Once you find the line containing "X123900500Y-76520583D01*" in the data below, copy it and each following line exactly, up to and including the line containing "X124577555Y-76799873D01*", and nothing else.

■ Collected data entries:
☆ ☆ ☆ ☆ ☆ ☆ ☆
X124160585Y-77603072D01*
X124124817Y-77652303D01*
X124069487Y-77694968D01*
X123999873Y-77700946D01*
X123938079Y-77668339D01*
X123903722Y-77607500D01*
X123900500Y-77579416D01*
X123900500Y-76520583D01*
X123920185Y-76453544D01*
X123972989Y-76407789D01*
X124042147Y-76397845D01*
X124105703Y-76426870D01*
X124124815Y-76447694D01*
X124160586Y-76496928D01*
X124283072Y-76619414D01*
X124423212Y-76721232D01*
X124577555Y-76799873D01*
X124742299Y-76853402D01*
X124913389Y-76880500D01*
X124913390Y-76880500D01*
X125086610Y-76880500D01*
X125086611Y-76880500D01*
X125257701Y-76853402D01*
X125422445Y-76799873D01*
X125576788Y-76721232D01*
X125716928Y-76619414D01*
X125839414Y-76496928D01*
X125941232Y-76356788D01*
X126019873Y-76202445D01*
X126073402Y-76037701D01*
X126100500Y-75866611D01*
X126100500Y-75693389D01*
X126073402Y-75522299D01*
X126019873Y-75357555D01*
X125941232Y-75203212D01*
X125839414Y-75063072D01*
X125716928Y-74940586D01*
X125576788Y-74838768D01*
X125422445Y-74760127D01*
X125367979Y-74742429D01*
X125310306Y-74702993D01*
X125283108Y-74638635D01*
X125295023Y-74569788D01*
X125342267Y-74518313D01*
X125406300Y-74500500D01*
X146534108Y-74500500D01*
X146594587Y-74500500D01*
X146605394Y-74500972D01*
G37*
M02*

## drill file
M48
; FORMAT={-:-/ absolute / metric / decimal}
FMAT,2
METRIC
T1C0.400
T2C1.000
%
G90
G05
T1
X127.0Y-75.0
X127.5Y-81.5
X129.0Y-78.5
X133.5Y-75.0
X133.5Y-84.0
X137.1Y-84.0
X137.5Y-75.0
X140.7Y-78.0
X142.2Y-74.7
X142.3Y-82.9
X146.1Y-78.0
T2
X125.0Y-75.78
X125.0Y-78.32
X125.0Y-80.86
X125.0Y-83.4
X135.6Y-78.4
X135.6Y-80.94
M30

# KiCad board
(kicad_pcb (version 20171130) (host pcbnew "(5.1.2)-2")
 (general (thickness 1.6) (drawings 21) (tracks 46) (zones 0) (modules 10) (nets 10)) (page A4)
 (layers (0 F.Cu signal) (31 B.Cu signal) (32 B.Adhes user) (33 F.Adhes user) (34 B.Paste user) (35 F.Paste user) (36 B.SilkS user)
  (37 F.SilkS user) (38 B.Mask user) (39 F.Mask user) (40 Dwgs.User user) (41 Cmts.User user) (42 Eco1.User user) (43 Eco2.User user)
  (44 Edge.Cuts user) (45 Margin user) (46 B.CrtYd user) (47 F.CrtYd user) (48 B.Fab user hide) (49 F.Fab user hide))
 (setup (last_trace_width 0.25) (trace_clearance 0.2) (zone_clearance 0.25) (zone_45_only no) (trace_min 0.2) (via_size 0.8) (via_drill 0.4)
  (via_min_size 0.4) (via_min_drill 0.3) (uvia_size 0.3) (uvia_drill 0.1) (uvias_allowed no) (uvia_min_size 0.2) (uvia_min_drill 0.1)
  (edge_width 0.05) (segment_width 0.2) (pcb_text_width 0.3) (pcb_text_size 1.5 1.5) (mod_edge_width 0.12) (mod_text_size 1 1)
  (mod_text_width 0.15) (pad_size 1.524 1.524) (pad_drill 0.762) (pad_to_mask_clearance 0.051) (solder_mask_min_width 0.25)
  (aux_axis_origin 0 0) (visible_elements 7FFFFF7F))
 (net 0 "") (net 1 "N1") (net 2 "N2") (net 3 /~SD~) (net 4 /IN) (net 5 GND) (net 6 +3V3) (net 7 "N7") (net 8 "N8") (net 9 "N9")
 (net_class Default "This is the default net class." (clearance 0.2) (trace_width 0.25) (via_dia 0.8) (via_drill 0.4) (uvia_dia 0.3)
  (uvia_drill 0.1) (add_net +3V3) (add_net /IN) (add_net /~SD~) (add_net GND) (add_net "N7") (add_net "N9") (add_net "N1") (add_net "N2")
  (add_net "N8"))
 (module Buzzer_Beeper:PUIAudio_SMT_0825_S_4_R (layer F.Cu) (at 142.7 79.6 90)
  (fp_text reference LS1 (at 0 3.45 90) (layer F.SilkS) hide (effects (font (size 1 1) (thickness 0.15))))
☆ ☆ ☆ ☆ ☆ ☆ ☆
■ Response area:
X123900500Y-76520583D01*
X123920185Y-76453544D01*
X123972989Y-76407789D01*
X124042147Y-76397845D01*
X124105703Y-76426870D01*
X124124815Y-76447694D01*
X124160586Y-76496928D01*
X124283072Y-76619414D01*
X124423212Y-76721232D01*
X124577555Y-76799873D01*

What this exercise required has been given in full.